April stood. “Who do I work with, Frank?”

“Start solo. I’m trying to find you some help,” Ellis said. “I’m working with Andi Wheelwright—used to be Bureau, now she’s something or other with National Security. Washington’s got her coordinating the security side of all this. She wants to send out a guy, an expert on terrorist groups, biological warfare. A professor—but apparently he used to work with the intelligence people.”

“He’s a spook?” April asked.

“Odds are good.” Ellis’s face twisted unpleasantly. “He’s on his way back from that god-awful mess in Russia. I guess he was helping them, too.”

April matched his expression.

“If that was his idea of help,” she said, “we don’t need him.”

Chapter 19

Washington, D.C.
July 22

Larry Krewell slumped in the borrowed chair that sat behind the borrowed desk in an office normally reserved for the use of visiting dignitaries. Health and Human Services was a typical government bureaucracy, housed in a typical government building built and furnished to typical government specifications.

Translated, that meant it possessed an empty ambiance that was so blandly regimented, so sterile as to be disorienting to anyone unaccustomed to such surroundings. Krewell, at heart an unrepentant elitist, firmly believed that it contributed heavily to brain rot; he attributed the current state of American democracy to the absence of individuality every bureaucracy represented.

Today, he was certain that he was its most recent victim. He felt drained, helpless and worse: useless.

Krewell had considered relocating his office to Fort Detrick, or even returning to Atlanta; in both locations, teams of research specialists were frantically working to dissect and decode the carefully convoluted secrets someone had built into H1N1-Florida. In either location, he would have felt
closer to the efforts being made than he did here, in his borrowed HHS office.

He turned to the computer and his fingers tapped out an access code.

Thanks to the miracle of modern electronics, he was able to track everything that was happening across the country, as well as the larger part of the world. In the former, there was a firestorm of bad news, tempered only by a weak glimmer of good.

The CDC teams in Florida reported the present death toll at one hundred and forty-six, with current confirmed cases now numbering almost two thousand persons. More than three times that many were confined under armed guard—these persons still asymptomatic, but determined to have been in close contact with the infected. Soon there would be too many to guard, and at that point Krewell knew that all hell would break loose.

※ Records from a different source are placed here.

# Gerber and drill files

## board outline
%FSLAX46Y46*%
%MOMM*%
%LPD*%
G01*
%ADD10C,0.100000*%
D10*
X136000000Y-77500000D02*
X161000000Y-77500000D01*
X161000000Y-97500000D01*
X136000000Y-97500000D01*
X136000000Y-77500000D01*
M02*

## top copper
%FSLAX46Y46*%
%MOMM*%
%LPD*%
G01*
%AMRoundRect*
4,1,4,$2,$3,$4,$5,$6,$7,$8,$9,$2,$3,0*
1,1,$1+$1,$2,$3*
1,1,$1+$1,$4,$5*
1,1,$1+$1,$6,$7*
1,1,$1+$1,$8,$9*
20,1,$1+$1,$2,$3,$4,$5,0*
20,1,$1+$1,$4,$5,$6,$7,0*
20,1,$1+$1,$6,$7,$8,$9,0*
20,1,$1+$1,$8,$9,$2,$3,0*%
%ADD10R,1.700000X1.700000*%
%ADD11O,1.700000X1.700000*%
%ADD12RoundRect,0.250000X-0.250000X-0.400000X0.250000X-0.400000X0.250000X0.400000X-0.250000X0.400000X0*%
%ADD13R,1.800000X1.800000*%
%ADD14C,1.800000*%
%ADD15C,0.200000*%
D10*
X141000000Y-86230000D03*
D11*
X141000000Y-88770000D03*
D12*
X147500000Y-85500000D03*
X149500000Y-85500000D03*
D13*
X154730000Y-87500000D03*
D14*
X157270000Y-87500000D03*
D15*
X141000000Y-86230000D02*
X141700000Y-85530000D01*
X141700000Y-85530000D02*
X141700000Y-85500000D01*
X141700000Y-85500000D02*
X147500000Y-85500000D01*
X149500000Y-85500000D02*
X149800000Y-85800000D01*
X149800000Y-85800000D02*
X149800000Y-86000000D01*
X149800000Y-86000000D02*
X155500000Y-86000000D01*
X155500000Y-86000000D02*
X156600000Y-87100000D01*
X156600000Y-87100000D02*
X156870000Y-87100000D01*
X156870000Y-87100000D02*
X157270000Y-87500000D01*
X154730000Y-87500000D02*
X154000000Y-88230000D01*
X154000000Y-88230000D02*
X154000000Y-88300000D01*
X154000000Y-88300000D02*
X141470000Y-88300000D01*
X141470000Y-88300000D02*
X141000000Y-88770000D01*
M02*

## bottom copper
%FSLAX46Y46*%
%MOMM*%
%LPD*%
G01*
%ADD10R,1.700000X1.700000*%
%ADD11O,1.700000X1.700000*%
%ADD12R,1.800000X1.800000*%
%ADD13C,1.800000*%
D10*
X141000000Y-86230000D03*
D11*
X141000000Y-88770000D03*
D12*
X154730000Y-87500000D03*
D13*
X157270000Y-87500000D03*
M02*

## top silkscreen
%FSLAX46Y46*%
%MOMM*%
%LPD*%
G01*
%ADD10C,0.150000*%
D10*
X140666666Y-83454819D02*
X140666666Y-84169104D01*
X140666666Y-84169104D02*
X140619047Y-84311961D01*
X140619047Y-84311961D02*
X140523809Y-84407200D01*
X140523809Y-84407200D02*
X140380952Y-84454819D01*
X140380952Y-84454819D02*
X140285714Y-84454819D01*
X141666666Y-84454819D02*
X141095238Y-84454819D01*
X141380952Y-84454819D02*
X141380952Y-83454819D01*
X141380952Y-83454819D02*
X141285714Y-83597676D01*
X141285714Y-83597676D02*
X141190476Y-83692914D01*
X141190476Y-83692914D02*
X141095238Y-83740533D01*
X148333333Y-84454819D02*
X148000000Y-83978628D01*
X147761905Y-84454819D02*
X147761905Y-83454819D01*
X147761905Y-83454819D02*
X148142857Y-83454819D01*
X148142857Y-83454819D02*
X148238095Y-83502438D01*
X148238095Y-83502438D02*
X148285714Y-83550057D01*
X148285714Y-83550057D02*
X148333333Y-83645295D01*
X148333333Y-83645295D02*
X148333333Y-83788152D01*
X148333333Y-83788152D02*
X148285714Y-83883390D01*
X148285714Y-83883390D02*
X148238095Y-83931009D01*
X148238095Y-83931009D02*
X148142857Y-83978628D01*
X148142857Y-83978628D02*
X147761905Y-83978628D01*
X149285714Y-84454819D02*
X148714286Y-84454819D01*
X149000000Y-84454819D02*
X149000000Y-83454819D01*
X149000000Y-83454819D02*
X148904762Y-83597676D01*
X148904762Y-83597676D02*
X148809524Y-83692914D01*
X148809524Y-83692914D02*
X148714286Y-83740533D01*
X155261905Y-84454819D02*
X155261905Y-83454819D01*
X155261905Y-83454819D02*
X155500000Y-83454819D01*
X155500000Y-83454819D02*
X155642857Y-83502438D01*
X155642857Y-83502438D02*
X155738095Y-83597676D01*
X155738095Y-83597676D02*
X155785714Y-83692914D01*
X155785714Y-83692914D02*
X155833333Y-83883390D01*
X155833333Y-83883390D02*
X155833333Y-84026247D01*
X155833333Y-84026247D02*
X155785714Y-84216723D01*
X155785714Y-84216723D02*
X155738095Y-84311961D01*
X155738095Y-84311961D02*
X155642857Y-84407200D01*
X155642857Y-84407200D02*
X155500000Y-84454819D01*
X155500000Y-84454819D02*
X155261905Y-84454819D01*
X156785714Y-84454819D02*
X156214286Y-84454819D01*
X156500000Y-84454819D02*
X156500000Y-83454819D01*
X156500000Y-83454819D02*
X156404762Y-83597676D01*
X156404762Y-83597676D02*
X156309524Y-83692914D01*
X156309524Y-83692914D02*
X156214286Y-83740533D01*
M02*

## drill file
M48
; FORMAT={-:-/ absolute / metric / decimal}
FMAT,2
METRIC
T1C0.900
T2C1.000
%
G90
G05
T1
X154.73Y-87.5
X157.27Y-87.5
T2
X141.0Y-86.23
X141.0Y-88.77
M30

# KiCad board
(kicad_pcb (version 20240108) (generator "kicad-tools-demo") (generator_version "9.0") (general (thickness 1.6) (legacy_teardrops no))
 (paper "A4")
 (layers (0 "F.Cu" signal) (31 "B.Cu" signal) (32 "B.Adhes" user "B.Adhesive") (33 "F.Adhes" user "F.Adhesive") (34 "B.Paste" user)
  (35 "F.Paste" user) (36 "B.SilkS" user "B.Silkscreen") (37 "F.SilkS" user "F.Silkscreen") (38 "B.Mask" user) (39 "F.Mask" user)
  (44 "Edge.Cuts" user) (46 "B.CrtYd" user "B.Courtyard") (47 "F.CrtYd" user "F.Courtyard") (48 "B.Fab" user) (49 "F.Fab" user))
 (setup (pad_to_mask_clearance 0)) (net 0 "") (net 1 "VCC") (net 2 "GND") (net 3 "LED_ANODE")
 (gr_rect (start 136 77.5) (end 161 97.5) (stroke (width 0.1) (type default)) (fill none) (layer "Edge.Cuts"))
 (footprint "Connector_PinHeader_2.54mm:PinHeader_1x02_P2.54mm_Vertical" (layer "F.Cu") (at 141 87.5)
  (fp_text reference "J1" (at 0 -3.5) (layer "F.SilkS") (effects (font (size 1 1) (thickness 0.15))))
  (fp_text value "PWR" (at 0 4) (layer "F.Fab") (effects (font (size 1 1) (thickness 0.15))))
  (pad "1" thru_hole rect (at 0 -1.270) (size 1.7 1.7) (drill 1.0) (layers "*.Cu" "*.Mask") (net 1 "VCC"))
  (pad "2" thru_hole oval (at 0 1.270) (size 1.7 1.7) (drill 1.0) (layers "*.Cu" "*.Mask") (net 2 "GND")))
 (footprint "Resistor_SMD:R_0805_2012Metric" (layer "F.Cu") (at 148.5 85.5 0)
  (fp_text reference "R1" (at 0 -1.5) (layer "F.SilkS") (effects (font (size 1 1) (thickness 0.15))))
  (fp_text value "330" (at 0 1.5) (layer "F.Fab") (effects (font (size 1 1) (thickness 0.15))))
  (pad "1" smd roundrect (at -1.0 0 0) (size 1.0 1.3) (layers "F.Cu" "F.Paste" "F.Mask") (roundrect_rratio 0.25) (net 1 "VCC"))
  (pad "2" smd roundrect (at 1.0 0 0) (size 1.0 1.3) (layers "F.Cu" "F.Paste" "F.Mask") (roundrect_rratio 0.25) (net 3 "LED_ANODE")))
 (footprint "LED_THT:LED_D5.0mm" (layer "F.Cu") (at 156 87.5 0)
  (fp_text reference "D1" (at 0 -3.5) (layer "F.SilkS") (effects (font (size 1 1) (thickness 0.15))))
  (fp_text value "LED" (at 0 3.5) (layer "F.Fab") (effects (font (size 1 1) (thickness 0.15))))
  (pad "1" thru_hole rect (at -1.270 0 0) (size 1.8 1.8) (drill 0.9) (layers "*.Cu" "*.Mask") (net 2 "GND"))
  (pad "2" thru_hole circle (at 1.270 0 0) (size 1.8 1.8) (drill 0.9) (layers "*.Cu" "*.Mask") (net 3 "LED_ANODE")))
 (segment (start 141.0000 86.2300) (end 141.7000 85.5300) (width 0.2) (layer "F.Cu") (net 1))
 (segment (start 141.7000 85.5300) (end 141.7000 85.5000) (width 0.2) (layer "F.Cu") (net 1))
 (segment (start 141.7000 85.5000) (end 147.5000 85.5000) (width 0.2) (layer "F.Cu") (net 1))
 (segment (start 149.5000 85.5000) (end 149.8000 85.8000) (width 0.2) (layer "F.Cu") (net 3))
 (segment (start 149.8000 85.8000) (end 149.8000 86.0000) (width 0.2) (layer "F.Cu") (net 3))
 (segment (start 149.8000 86.0000) (end 155.5000 86.0000) (width 0.2) (layer "F.Cu") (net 3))
 (segment (start 155.5000 86.0000) (end 156.6000 87.1000) (width 0.2) (layer "F.Cu") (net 3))
 (segment (start 156.6000 87.1000) (end 156.8700 87.1000) (width 0.2) (layer "F.Cu") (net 3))
 (segment (start 156.8700 87.1000) (end 157.2700 87.5000) (width 0.2) (layer "F.Cu") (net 3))
 (segment (start 154.7300 87.5000) (end 154.0000 88.2300) (width 0.2) (layer "F.Cu") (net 2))
 (segment (start 154.0000 88.2300) (end 154.0000 88.3000) (width 0.2) (layer "F.Cu") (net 2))
 (segment (start 154.0000 88.3000) (end 141.4700 88.3000) (width 0.2) (layer "F.Cu") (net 2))
 (segment (start 141.4700 88.3000) (end 141.0000 88.7700) (width 0.2) (layer "F.Cu") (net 2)))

On the computer, Krewell called up the outbreak graphic, surveying the numbers that flashed above the communities. About half of the total caseload was in or around Fort Walton, though the contagion had now spread to a half-dozen surrounding communities in Northwest Florida. Panama City, fifty miles to the east, now reported twenty-three deaths due to the virus. Worse, three additional flu cases had been found outside the state—two in Mobile, the other in southern Georgia. The borders of the now-misnamed Florida Quarantine Region had been moved back accordingly.

He selected another item from the screen’s menu, and a list of the latest reports from the medical research staffs appeared.

At present, there was no progress on vaccine development, despite the herculean efforts under way.

And there was one new, chilling report: at Johns Hopkins, virologists studying H1N1-Florida had theorized that it had the potential to cross species—most likely to infect swine, but possibly also able to spread to avian species.

If accurate, it was a nightmare scenario: even if by some miracle they could contain the current outbreak in the south, the virus could become endemic in pigs and birds. One could, conceivably, slaughter every pig in North America. But what did you do about billions of birds, forming a constantly moving reservoir of contagion?